The lives of many people suffering from congestive heart failure could be prolonged by an experimental drug, researchers announced yesterday.
The risk of death decreased 62 percent among patients who took the drug for six months, said Dr. Arthur Feldman, associate professor of cardiology at the Johns Hopkins University School of Medicine and a director of the study, published in this week's New England Journal of Medicine.
"We don't know the effects over two or three years, but our suspicion is that the positive effects will continue," he said.
The drug, vesnarinone, offers hope to many of the 3.5 million Americans who suffer from congestive heart failure by prolonging and improving the quality of their lives, he said.
Some health professionals said the drug warranted further investigation but questioned its promise.
An editorial in the journal written by Dr. Milton Packer of Columbia University challenges, among other things, the way researchers evaluated patients' "quality of life."
But Robert Moon, a 55-year-old Columbia architect attending a Hopkins news conference announcing study results, said the drug prolonged his life after he began taking it in February 1992.
He said vesnarinone also alleviated his fatigue and improved his general feeling of wellness by giving him hope. But it was not a cure. The condition of Mr. Moon's heart has deteriorated, and he is now on a list of those waiting for heart transplants.
Vesnarinone works by promoting more powerful contractions of the heart muscle without increasing the heart rate. Other medicines that cause more powerful contractions also cause the heart to pump faster, Dr. Feldman said.
Vesnarinone also opens up the large arteries, facilitating blood flow, and has what Dr. Feldman termed "novel ancillary properties," the ability to promote survival.
Early studies indicated that dosage was a critical factor. The death rate was higher among patients who received 120-milligram daily doses than among those who received the 60-milligram doses in the study reported on yesterday. A wider study under way at Hopkins and 72 other sites is investigating the possible benefits at 30 milligrams a day.
"The drug is clearly interesting, and it may have great potential. But there are still major questions as to how it works, who will benefit and who will be harmed by it," said Dr. Stephen Gottlieb of Baltimore.
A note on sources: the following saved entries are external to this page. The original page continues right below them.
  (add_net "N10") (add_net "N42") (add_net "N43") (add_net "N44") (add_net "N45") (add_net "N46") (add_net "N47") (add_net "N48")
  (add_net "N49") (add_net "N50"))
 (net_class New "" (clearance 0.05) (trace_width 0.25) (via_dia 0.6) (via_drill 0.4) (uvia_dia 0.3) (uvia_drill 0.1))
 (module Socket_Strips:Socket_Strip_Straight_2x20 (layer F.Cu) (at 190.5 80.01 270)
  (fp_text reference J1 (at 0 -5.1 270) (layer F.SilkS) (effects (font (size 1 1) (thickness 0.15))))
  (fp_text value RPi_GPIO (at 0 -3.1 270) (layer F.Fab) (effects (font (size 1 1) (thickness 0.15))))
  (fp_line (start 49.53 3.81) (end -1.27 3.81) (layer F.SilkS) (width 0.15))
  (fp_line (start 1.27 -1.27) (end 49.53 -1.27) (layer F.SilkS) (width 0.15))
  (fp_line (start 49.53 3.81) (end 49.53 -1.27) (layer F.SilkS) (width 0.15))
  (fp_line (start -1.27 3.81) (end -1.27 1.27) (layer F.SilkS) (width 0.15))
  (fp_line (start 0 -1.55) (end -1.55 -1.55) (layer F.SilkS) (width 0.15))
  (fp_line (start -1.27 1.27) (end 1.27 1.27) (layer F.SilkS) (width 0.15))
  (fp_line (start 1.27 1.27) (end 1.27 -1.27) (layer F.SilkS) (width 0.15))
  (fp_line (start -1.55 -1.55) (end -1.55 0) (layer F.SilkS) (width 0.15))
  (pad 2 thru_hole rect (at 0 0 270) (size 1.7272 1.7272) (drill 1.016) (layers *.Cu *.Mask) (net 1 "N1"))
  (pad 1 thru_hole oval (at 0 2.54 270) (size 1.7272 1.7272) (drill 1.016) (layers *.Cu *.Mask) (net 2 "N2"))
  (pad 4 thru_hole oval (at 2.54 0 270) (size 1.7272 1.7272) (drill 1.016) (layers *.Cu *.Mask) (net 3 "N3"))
He was asked to comment in his role as director of the cardiac care unit at the University of Maryland School of Medicine.
Congestive heart failure, a condition in which the heart muscle doesn't function adequately, affects about 6 percent of all Americans over age 65.
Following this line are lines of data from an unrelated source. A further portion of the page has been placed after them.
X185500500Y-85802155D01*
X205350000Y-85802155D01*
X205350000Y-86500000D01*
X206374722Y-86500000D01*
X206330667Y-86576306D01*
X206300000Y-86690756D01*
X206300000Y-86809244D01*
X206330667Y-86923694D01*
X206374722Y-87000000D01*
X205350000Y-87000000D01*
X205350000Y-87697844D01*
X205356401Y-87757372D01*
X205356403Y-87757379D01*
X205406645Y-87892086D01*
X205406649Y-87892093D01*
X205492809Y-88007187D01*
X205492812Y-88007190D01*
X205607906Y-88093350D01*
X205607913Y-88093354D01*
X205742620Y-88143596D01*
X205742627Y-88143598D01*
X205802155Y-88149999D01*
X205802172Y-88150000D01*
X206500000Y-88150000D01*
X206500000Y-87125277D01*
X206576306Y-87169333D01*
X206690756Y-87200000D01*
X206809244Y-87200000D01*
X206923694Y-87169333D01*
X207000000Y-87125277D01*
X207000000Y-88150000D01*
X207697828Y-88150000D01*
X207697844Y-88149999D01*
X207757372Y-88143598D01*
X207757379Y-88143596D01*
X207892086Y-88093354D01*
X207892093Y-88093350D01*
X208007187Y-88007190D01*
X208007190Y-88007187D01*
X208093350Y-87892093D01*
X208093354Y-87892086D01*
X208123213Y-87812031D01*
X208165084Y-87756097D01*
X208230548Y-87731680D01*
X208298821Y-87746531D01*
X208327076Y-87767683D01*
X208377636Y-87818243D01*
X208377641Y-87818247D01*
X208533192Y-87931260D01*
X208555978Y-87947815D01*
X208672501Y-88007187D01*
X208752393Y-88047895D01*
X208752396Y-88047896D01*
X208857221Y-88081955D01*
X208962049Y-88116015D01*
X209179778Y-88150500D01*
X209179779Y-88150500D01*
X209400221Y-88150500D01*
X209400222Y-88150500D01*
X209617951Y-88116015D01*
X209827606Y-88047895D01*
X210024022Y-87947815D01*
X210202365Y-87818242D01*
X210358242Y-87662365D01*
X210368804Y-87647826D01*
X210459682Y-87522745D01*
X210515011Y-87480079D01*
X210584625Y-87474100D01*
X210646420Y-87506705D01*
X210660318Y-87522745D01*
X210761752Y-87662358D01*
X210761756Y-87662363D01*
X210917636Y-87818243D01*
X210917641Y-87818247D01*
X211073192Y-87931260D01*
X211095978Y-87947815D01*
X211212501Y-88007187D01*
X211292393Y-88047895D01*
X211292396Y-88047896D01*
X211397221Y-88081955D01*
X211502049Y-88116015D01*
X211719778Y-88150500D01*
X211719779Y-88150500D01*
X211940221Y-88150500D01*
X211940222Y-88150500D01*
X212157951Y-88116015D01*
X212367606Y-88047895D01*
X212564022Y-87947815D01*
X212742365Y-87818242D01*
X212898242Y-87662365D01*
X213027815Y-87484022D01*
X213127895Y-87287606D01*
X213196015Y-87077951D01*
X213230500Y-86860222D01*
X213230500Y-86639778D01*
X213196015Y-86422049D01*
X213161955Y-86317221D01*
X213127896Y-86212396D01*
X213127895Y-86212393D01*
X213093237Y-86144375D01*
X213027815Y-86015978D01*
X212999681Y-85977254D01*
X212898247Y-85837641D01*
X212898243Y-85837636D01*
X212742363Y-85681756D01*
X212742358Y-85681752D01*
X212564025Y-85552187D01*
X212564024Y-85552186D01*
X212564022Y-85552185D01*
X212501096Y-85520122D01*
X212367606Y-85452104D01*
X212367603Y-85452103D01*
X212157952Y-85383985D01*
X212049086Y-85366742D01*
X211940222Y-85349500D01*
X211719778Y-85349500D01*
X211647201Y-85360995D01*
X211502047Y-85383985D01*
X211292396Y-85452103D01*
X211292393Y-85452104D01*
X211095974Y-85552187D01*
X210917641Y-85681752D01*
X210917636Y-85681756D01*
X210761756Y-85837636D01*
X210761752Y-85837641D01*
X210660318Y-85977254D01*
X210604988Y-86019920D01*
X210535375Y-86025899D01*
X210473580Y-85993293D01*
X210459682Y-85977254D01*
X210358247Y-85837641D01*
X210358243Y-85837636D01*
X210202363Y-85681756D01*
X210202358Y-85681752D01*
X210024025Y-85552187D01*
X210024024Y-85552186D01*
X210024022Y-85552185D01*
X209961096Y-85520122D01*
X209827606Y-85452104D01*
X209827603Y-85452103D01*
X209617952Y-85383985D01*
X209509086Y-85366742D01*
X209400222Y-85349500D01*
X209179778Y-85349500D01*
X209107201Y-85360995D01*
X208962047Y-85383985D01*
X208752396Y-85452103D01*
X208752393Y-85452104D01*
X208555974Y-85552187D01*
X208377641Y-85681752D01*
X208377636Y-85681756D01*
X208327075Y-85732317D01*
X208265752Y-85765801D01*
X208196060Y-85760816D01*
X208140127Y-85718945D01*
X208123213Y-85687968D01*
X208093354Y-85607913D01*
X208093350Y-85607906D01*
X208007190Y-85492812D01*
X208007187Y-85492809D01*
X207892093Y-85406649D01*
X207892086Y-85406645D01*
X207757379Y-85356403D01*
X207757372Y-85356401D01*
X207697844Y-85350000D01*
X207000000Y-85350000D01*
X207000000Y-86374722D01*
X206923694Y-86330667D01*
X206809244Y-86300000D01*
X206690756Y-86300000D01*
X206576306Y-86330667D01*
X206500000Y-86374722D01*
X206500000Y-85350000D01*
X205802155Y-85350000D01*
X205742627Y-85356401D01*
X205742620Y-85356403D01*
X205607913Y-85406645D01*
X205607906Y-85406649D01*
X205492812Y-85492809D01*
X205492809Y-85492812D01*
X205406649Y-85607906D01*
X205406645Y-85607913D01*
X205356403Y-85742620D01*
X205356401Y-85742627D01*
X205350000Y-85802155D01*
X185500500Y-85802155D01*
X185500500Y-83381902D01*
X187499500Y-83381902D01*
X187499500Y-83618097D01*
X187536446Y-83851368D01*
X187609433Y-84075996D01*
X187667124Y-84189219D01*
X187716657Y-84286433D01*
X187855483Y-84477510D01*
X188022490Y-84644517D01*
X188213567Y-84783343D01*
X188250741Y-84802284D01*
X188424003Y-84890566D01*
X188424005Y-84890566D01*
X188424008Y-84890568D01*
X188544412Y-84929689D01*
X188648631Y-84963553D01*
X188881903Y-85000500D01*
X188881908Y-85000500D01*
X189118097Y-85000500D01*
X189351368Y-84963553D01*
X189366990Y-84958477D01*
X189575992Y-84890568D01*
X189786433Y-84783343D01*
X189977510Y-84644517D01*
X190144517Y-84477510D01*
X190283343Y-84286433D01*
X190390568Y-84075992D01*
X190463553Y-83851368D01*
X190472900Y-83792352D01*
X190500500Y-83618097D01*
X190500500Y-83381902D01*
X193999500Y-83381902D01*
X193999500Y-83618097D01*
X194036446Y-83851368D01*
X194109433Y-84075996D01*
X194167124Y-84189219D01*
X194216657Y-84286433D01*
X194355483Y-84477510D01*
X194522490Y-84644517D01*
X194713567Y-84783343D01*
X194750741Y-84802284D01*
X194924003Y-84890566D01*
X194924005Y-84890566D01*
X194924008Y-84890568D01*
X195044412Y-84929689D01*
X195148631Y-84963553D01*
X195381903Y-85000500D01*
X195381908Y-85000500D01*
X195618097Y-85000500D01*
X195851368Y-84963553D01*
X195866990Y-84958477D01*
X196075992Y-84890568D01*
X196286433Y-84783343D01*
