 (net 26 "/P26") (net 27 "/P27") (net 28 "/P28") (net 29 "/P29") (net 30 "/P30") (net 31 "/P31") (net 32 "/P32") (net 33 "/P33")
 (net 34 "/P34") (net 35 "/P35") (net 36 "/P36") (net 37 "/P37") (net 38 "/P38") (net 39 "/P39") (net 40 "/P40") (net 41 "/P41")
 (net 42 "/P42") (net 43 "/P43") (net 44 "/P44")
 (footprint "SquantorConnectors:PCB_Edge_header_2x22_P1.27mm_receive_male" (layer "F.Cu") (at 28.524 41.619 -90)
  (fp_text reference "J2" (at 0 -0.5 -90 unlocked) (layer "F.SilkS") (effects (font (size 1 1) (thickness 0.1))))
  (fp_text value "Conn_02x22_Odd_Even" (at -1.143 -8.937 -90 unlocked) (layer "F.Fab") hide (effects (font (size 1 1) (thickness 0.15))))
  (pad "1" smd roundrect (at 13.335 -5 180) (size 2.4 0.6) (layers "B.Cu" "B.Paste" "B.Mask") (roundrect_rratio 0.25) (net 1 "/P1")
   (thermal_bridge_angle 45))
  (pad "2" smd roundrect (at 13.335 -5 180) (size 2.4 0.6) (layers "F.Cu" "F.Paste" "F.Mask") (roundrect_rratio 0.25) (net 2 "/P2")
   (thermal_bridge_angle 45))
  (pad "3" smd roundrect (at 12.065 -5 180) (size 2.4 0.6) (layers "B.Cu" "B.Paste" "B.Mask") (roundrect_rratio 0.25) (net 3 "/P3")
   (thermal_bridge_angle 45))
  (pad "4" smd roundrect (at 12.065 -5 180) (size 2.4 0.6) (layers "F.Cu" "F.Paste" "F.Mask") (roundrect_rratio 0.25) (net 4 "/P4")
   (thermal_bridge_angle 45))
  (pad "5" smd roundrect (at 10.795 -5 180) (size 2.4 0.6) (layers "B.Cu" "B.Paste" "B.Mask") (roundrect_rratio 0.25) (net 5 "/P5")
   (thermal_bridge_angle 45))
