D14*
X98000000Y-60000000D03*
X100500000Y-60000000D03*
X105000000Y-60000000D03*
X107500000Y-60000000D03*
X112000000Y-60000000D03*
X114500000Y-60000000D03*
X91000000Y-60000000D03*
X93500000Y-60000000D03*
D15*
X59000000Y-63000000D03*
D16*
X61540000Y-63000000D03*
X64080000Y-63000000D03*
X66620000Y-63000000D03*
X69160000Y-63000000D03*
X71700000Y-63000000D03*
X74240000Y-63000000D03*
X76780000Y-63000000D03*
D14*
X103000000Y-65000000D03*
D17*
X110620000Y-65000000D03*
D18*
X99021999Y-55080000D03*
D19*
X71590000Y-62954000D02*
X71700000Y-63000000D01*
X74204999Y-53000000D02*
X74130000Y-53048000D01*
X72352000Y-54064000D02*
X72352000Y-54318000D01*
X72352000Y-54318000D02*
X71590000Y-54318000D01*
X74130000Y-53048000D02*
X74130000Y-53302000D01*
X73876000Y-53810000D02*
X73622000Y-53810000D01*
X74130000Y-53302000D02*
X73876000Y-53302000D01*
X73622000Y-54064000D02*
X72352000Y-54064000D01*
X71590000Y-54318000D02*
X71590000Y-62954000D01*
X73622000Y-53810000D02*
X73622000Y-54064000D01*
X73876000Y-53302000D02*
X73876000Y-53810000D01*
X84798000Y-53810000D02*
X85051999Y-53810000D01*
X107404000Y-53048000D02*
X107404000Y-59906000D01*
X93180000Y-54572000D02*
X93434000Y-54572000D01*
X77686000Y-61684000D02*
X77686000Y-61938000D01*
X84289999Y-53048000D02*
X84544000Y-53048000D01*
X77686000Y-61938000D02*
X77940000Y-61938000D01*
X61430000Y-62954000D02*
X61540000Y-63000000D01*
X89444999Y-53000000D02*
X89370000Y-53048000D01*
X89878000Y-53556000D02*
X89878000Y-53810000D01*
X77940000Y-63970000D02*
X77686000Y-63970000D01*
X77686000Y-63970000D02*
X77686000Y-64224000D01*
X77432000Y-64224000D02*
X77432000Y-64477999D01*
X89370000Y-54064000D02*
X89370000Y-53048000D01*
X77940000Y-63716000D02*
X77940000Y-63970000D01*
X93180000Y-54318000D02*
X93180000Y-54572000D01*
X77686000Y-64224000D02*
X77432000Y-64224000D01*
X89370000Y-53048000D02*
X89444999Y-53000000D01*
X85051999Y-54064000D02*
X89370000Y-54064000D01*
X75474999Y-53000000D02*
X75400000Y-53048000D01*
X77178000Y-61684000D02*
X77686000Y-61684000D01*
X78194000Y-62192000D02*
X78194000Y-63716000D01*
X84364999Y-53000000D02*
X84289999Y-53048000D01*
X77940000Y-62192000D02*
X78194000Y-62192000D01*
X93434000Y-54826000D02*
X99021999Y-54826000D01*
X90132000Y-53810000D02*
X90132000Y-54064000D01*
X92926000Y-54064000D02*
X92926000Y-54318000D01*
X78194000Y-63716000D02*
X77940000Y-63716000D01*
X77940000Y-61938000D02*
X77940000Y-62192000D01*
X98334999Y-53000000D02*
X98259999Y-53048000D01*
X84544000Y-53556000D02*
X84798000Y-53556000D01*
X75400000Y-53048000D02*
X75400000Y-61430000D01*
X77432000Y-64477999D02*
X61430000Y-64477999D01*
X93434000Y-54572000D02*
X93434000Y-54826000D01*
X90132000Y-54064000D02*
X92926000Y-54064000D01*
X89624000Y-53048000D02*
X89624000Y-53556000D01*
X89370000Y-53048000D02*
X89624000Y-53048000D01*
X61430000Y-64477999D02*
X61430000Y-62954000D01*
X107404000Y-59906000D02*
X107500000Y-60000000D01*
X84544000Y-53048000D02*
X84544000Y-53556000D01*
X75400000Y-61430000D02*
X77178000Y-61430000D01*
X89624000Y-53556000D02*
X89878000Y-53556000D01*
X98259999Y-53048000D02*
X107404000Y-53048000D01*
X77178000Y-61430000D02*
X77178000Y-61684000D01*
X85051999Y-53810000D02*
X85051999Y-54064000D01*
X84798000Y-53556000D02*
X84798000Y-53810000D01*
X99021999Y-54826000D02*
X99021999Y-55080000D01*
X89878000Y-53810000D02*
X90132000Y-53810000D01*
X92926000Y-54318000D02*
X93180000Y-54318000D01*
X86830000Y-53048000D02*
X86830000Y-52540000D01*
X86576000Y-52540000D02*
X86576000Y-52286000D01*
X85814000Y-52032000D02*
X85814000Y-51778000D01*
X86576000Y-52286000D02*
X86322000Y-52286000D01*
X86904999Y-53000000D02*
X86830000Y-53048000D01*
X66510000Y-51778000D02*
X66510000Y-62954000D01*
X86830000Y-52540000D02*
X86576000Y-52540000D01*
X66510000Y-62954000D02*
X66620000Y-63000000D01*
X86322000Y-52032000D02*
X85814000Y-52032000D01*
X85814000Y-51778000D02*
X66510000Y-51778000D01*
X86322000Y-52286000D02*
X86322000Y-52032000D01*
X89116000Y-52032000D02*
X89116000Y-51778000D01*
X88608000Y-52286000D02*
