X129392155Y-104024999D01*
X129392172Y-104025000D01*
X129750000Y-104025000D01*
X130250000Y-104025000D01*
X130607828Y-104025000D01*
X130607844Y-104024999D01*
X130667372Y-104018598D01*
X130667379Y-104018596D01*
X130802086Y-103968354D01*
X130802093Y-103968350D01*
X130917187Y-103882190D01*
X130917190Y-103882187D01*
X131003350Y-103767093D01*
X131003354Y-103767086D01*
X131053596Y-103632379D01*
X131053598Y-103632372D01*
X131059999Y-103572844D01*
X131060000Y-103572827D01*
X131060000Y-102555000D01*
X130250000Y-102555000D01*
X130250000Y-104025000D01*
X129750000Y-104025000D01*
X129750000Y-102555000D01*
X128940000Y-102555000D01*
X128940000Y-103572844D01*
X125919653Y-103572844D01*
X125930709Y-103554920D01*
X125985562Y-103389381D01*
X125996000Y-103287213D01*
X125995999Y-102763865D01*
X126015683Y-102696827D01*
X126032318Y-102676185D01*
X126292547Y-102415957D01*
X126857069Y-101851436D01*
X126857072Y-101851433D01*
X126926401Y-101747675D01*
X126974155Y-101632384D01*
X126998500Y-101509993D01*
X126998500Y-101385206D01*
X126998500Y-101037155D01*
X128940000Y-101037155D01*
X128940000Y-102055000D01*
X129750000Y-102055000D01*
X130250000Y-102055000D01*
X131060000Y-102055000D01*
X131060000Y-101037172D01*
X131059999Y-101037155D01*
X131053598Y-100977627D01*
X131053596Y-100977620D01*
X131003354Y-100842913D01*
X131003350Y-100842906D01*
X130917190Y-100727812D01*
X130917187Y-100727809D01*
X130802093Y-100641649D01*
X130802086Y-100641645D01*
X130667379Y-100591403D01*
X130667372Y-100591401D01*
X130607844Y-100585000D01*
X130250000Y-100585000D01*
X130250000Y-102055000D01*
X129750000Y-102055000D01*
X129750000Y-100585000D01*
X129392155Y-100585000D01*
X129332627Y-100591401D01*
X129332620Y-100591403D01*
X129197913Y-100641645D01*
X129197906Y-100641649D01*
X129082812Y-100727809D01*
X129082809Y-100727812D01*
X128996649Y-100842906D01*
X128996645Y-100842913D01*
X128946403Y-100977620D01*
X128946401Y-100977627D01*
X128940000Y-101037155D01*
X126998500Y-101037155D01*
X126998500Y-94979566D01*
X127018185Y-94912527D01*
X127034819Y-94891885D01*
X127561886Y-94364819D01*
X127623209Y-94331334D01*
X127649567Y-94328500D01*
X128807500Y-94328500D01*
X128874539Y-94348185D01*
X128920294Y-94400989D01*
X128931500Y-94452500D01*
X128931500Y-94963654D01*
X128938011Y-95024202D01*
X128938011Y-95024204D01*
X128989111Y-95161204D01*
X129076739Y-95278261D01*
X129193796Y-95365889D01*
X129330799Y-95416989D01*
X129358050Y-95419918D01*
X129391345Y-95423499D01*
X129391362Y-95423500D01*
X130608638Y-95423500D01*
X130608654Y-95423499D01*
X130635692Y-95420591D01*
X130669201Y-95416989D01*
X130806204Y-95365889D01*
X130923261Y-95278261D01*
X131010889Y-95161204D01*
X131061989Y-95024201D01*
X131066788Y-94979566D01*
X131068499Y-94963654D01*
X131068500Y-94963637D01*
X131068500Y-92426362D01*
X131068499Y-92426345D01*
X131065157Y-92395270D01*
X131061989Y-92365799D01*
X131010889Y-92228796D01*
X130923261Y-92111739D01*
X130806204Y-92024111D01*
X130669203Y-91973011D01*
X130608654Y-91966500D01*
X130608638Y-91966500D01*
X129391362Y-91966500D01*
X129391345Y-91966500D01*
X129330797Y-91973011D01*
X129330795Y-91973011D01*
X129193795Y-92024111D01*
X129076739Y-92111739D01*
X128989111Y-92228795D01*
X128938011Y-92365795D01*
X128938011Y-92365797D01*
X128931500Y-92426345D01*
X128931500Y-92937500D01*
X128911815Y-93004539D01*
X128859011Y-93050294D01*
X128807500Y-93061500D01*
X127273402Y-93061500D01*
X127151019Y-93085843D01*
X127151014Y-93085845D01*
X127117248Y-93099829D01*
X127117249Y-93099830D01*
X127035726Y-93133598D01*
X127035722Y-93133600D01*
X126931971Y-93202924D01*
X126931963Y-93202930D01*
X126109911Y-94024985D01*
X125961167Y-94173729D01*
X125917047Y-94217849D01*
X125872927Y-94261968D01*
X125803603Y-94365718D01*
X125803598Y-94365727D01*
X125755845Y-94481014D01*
Half of those who have congestive heart failure die within one year of diagnosis, and 80 percent to 90 percent die within five years.
In the study at 22 medical centers nationwide, 239 patients each took 60 milligrams of vesnarinone daily and 238 took placebos. Both groups also took regular medicines including blood vessel dilators, heart muscle contractors and diuretics.
Another portion of the study, involving 87 patients who were given 120 milligrams of vesnarinone a day, was discontinued when it was determined the higher dosage increased the mortality rate. Of that group, 16 patients died.
Among those taking 60 milligrams, fewer died than would have been expected -- 13, compared with 33 taking placebos. Eighteen others taking 60 milligrams of vesnarinone experienced deteriorating heart conditions, compared with 33 taking placebos.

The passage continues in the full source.